Mas calma, podemos ficar tranquilos. O caminho parece o seguido pelo PT e a argumentação parece a do PCdoB... mas no MES podemos confiar, por que a estratégia deles não é a do PT, “fiador dos interesses dos ricos, amortecendo as lutas sociais por meio de uma cooptação ativa de suas lideranças”, eles não, nunca seguirão este caminho “já poderíamos tê-lo seguido, convites nunca faltaram, justamente para isso é que fundamos o PSOL. São princípios que nos movem, não conveniências”. O que o companheiro Bernardo não percebe é que também a “cooptação ativa das lideranças” se dá pelo mecanismo eleitoral, por exemplo, ao aceitar rebaixar o programa e aceitar alianças com setores burgueses para estar nos debates da TV...

Parafraseando Lenin, podemos afirmar que a tentativa de aliança com a REDE e o acordo já selado com o PPL¹ não se tratam de um compromisso imposto pela situação objetiva, mas um compromisso “de traidores que atribuem a causas objetivas seu vil egoísmo, sua covardia, seu desejo de atrair a simpatia dos capitalistas, sua falta de firmeza ante as ameaças e, às vezes, ante as exortações, as esmolas ou as adulações dos capitalistas.” Em nome de ganhar a gerir a prefeitura de Porto Alegre.

O Lenin que o MES não reconhece

O artigo de Bernardo tem como epígrafe uma bela frase de Lenin “Aceitar o combate quando é claramente vantajoso para o inimigo e não para nós constitui um crime, e não servem os políticos da classe revolucionária que não sabem “manobrar”, que não sabem consertar “acordos e compromissos” a fim de evitar um combate que todos sabem ser desfavorável”. Mas o seu artigo é uma inversão completa do seu conteúdo.

No caso concreto Lenin se refere à guerra civil russa, ao acordo que a Rússia soviética foi obrigada a assinar com a burguesia alemã para salvar a revolução e a cidade de Petrogrado da invasão militar. Quando Lenin fala “combate”, tem em vista guerra, guerra civil, grandes enfrentamentos da luta de classes, greves. Mas o artigo de Bernardo ignora completamente a diferença entre um combate da luta de classes e sua expressão eleitoral ou parlamentar. Talvez por que seja nas eleições a única ocasião em que reúne e concentra toda militância e todas as suas forças.

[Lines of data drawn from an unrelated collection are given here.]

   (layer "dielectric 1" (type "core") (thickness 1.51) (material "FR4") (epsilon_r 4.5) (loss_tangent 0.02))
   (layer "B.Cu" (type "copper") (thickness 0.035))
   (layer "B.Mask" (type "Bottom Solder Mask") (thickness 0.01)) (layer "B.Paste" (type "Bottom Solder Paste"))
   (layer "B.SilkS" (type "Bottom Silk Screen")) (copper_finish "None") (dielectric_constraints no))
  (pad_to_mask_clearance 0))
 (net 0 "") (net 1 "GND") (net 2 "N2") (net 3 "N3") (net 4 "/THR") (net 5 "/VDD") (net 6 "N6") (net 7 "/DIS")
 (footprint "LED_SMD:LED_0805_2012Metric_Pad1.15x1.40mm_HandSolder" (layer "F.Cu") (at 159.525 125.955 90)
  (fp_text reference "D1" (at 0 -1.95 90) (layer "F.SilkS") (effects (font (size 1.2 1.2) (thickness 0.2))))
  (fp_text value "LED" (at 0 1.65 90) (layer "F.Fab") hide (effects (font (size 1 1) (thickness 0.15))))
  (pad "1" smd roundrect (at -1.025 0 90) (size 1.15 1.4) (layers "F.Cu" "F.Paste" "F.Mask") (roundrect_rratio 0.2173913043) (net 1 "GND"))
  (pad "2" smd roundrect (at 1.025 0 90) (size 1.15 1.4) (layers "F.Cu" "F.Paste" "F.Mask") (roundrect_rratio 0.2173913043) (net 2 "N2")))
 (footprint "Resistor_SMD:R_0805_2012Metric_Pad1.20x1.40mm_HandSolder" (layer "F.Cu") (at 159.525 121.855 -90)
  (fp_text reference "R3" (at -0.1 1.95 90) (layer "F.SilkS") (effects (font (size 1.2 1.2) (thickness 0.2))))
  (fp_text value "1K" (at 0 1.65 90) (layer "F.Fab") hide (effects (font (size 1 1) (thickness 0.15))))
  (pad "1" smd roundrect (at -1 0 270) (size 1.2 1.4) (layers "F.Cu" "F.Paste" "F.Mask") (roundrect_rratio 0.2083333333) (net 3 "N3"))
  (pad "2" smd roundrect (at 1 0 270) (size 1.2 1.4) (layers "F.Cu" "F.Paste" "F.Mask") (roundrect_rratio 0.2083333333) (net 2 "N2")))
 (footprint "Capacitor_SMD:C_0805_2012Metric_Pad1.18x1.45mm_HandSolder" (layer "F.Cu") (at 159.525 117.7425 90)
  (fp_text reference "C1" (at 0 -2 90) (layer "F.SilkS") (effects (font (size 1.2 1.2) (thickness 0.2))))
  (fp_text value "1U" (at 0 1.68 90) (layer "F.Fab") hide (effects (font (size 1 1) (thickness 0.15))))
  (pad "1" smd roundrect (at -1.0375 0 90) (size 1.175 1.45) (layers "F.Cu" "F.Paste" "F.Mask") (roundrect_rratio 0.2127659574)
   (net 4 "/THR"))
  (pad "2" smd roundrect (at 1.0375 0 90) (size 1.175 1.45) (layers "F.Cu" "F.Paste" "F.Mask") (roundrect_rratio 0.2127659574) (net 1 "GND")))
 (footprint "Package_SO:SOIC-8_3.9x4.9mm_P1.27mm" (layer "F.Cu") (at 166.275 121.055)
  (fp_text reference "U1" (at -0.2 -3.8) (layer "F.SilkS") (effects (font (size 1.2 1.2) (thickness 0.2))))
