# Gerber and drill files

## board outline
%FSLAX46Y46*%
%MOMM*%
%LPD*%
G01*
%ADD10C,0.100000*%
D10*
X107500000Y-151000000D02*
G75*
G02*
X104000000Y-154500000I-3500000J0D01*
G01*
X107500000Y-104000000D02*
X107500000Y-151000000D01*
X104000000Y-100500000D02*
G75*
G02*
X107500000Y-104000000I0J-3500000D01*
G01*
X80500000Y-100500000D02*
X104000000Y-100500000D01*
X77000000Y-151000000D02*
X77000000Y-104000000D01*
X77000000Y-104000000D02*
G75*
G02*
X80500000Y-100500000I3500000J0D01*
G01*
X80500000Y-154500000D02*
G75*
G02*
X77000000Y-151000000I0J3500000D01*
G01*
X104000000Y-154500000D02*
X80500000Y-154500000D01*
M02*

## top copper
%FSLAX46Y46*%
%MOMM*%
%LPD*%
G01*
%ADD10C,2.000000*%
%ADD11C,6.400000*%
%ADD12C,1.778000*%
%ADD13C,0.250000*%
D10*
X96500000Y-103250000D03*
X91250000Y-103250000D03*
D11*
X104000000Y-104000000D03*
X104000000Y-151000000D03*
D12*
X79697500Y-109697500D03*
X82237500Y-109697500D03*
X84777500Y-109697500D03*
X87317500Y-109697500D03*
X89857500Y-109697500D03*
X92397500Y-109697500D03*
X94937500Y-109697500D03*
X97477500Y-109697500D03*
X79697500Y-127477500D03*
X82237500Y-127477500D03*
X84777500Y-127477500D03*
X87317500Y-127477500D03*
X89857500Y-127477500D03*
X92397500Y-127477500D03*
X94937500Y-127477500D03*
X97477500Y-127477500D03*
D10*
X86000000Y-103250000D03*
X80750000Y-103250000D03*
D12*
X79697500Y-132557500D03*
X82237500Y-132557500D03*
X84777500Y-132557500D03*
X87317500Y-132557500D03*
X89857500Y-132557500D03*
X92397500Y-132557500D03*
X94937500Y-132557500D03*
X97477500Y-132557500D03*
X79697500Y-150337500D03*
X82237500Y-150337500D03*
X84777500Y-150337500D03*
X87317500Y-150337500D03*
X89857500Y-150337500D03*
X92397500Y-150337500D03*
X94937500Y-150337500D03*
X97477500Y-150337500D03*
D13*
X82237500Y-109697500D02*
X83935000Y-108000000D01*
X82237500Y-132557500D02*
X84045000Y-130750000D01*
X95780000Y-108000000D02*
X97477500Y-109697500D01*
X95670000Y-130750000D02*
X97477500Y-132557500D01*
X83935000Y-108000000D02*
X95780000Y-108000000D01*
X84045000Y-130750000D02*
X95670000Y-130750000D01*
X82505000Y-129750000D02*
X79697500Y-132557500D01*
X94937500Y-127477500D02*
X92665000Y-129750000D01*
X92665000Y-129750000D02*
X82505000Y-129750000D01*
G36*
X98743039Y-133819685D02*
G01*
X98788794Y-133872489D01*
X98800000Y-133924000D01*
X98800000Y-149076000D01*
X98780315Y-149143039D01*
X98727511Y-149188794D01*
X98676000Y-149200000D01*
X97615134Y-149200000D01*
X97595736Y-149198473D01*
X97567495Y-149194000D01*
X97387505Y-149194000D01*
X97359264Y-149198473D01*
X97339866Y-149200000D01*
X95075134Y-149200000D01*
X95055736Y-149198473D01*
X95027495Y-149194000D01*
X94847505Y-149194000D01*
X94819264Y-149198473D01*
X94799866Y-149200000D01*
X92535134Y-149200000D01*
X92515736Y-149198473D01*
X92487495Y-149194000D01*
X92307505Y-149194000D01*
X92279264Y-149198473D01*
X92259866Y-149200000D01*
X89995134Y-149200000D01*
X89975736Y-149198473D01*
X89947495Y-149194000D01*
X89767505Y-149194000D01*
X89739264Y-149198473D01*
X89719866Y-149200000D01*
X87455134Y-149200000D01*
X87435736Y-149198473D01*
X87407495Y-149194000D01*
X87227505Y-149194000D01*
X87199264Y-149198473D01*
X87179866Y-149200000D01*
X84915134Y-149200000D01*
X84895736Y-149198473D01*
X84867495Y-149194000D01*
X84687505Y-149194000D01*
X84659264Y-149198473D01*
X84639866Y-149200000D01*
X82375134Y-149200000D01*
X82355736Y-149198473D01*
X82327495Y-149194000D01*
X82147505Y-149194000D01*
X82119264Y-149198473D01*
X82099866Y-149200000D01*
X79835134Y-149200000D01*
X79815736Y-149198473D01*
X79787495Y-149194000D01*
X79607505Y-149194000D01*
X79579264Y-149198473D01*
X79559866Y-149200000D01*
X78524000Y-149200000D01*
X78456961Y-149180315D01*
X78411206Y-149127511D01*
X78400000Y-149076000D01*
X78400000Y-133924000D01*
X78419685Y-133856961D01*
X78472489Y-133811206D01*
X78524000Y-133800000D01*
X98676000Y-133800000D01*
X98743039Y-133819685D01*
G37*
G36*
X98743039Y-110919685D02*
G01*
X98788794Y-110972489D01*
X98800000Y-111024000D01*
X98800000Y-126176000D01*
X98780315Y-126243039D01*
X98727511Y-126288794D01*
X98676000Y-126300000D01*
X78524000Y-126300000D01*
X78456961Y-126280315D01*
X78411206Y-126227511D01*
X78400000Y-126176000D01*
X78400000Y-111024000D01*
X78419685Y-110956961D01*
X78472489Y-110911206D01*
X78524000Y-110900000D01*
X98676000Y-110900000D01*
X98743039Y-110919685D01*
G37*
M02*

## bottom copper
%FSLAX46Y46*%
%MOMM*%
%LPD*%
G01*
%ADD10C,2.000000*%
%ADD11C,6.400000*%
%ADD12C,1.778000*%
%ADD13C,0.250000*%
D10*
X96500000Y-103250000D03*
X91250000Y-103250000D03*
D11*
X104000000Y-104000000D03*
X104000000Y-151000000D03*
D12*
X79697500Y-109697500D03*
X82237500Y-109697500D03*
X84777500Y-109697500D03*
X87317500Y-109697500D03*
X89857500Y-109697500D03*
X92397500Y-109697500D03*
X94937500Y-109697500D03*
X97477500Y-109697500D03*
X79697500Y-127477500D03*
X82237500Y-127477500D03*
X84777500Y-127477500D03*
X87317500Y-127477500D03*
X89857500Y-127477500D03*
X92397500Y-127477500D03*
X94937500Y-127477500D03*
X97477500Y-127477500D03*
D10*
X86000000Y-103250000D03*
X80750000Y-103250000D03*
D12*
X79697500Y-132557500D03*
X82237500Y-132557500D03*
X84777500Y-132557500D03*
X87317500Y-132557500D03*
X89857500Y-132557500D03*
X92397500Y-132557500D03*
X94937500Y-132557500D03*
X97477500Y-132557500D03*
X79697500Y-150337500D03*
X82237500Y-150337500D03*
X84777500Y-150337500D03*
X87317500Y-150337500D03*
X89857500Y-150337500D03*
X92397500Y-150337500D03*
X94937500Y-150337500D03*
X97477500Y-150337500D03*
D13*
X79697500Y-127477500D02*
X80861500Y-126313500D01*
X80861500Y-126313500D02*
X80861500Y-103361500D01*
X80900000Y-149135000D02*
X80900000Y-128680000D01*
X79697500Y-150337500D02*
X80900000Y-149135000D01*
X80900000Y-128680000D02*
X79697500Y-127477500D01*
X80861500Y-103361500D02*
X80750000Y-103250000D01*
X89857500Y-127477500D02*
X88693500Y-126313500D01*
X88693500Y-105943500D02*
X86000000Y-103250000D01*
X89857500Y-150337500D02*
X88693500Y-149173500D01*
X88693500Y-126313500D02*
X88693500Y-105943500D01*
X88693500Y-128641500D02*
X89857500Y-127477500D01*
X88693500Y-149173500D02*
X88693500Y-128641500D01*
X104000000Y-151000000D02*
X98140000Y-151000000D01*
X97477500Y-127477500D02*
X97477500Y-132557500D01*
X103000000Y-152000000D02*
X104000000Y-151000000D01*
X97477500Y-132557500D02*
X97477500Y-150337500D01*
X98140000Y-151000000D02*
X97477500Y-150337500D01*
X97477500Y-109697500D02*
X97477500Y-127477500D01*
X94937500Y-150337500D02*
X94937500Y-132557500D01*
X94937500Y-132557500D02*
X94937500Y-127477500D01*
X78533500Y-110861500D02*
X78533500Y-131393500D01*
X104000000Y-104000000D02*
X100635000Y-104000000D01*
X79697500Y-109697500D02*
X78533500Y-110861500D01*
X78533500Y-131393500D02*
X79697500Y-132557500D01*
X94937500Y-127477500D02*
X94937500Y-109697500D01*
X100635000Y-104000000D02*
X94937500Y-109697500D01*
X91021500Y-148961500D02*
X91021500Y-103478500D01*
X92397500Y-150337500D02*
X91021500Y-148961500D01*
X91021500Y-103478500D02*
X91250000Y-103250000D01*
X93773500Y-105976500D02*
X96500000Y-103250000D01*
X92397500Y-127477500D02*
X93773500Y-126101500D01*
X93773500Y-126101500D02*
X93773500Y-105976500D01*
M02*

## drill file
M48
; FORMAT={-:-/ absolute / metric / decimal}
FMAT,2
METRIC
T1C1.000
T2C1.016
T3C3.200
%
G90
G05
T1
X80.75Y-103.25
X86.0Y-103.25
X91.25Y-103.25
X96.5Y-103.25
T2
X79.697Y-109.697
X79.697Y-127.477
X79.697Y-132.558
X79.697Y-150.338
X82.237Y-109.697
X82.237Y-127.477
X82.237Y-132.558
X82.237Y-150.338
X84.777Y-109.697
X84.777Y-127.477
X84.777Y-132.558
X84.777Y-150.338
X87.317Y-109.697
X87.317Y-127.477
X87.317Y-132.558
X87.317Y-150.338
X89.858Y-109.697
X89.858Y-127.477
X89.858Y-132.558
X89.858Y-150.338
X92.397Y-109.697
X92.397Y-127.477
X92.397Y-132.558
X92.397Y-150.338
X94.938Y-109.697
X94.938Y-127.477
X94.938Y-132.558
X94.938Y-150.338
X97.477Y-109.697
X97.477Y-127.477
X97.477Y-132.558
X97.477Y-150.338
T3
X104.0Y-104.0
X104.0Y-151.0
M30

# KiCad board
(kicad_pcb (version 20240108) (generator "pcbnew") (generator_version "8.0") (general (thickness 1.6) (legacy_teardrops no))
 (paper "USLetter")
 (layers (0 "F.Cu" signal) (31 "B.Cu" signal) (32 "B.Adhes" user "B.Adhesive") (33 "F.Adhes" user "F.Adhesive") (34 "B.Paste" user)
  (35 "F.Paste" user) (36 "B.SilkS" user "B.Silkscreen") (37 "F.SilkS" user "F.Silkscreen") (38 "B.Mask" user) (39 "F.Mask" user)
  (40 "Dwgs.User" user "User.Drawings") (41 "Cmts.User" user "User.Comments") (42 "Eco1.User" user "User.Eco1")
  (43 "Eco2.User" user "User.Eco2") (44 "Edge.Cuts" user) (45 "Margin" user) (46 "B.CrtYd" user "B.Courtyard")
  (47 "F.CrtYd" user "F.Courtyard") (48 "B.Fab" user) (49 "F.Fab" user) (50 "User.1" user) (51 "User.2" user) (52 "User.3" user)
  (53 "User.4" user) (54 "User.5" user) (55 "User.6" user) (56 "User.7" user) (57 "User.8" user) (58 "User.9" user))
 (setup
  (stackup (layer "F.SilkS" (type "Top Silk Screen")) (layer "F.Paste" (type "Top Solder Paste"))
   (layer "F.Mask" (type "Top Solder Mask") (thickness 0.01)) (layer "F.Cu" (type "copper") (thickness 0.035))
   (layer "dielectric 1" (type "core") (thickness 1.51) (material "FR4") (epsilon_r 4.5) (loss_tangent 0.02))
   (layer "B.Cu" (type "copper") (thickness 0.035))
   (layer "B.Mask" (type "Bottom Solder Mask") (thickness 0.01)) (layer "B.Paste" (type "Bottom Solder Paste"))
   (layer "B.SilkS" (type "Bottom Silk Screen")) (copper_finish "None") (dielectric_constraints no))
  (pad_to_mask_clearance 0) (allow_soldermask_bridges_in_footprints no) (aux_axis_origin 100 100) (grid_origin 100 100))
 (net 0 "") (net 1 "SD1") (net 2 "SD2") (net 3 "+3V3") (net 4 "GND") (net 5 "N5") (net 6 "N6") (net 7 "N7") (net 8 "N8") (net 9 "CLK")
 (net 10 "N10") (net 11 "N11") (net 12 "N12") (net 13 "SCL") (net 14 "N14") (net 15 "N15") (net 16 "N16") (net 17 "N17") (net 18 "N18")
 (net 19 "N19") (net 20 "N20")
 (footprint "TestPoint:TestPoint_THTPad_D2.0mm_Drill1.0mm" (layer "F.Cu") (at 96.5 103.25)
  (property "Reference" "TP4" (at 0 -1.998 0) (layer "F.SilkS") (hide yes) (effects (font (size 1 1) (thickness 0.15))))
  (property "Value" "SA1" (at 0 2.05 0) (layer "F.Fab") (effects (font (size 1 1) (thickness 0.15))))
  (pad "1" thru_hole circle (at 0 0) (size 2 2) (drill 1) (layers "*.Cu" "*.Mask") (remove_unused_layers no) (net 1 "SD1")))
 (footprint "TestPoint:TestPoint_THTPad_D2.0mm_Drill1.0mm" (layer "F.Cu") (at 91.25 103.25)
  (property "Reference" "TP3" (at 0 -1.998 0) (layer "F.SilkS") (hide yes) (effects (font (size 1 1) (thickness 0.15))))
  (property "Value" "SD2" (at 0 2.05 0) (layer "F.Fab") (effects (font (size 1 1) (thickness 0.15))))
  (pad "1" thru_hole circle (at 0 0) (size 2 2) (drill 1) (layers "*.Cu" "*.Mask") (remove_unused_layers no) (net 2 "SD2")))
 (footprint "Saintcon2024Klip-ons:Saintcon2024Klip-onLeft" (layer "F.Cu") (at 139.75 126.4)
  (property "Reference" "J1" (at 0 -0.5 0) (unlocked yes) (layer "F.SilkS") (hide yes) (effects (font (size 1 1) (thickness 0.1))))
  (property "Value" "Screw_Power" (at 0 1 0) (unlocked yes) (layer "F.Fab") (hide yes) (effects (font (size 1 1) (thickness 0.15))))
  (pad "+" thru_hole circle (at -35.75 -22.4) (size 6.4 6.4) (drill 3.2) (layers "*.Cu" "*.Mask") (remove_unused_layers no) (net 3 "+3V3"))
  (pad "-" thru_hole circle (at -35.75 24.6) (size 6.4 6.4) (drill 3.2) (layers "*.Cu" "*.Mask") (remove_unused_layers no) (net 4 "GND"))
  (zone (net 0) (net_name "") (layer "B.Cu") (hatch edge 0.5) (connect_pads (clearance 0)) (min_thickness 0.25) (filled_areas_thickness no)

Lenin define os compromissos e táticas em função de princípios e estratégias, que são o oposto dos objetivos do MES. “Já se fez o principal – claro que não se fez tudo, absolutamente, mas se fez o principal – para ganhar a vanguarda da classe operária para colocá-la ao lado do poder soviético contra o parlamentarismo, ao lado da ditadura do proletariado contra a democracia burguesa. Agora é preciso concentrar todas as forças e toda a atenção no passo seguinte que parece ser – e, de certo modo é realmente – menos fundamental, mas que em compensação está mais perto da solução efetiva do problema, isto é: procurar as formas de passar à revolução proletária ou de abordá-la”. Em função disso determinados acordos, não todos, são obrigatórios. A questão é distinguir entre os acordos necessários e os que consistem em uma traição.

Não queremos entrar nas enormes diferenças entre tal situação, em que a vanguarda proletária da Europa estava ganha para o poder soviético contra o parlamentarismo, e a que vivemos hoje. Tão distantes estamos de conquistar a vanguarda dos trabalhadores para tais posições. O que interessa ressaltar aqui é que enquanto o texto do Lenin é toda uma discussão sobre como abordar ou iniciar a revolução proletária, a direção do MES tem objetivos mais próximos dos adversários oportunistas que Lenin combate, de experimentar fatias do poder local com uma campanha eleitoral vitoriosa para a prefeitura.

Se agora aRede, por conta de seus interesses cruzados com a família Fortunati recusou a aliança com o PSOL, isso não diminui a necessidade de organizar um polo classista e combativo da esquerda gaúcha. Chamamos todos os setores de esquerda que se reivindica socialista e classista, de dentro e de fora do PSOL, a aprofundar as iniciativas como a do Manifesto e seguir a batalha para que nas eleições de Porto Alegre se apresente uma frente de esquerda, sem coligações com partidos burgueses como a Rede e o PPL.

¹ Tal citação referente ao PPL se mostra ainda mais acertada quando vimos o Juntos!, PPL, UJS e PT traindo os estudantes secundaristas ao firmar um acordo de desocupação com o governo Sartori pelas costas dos estudantes que ocupavam suas escolas.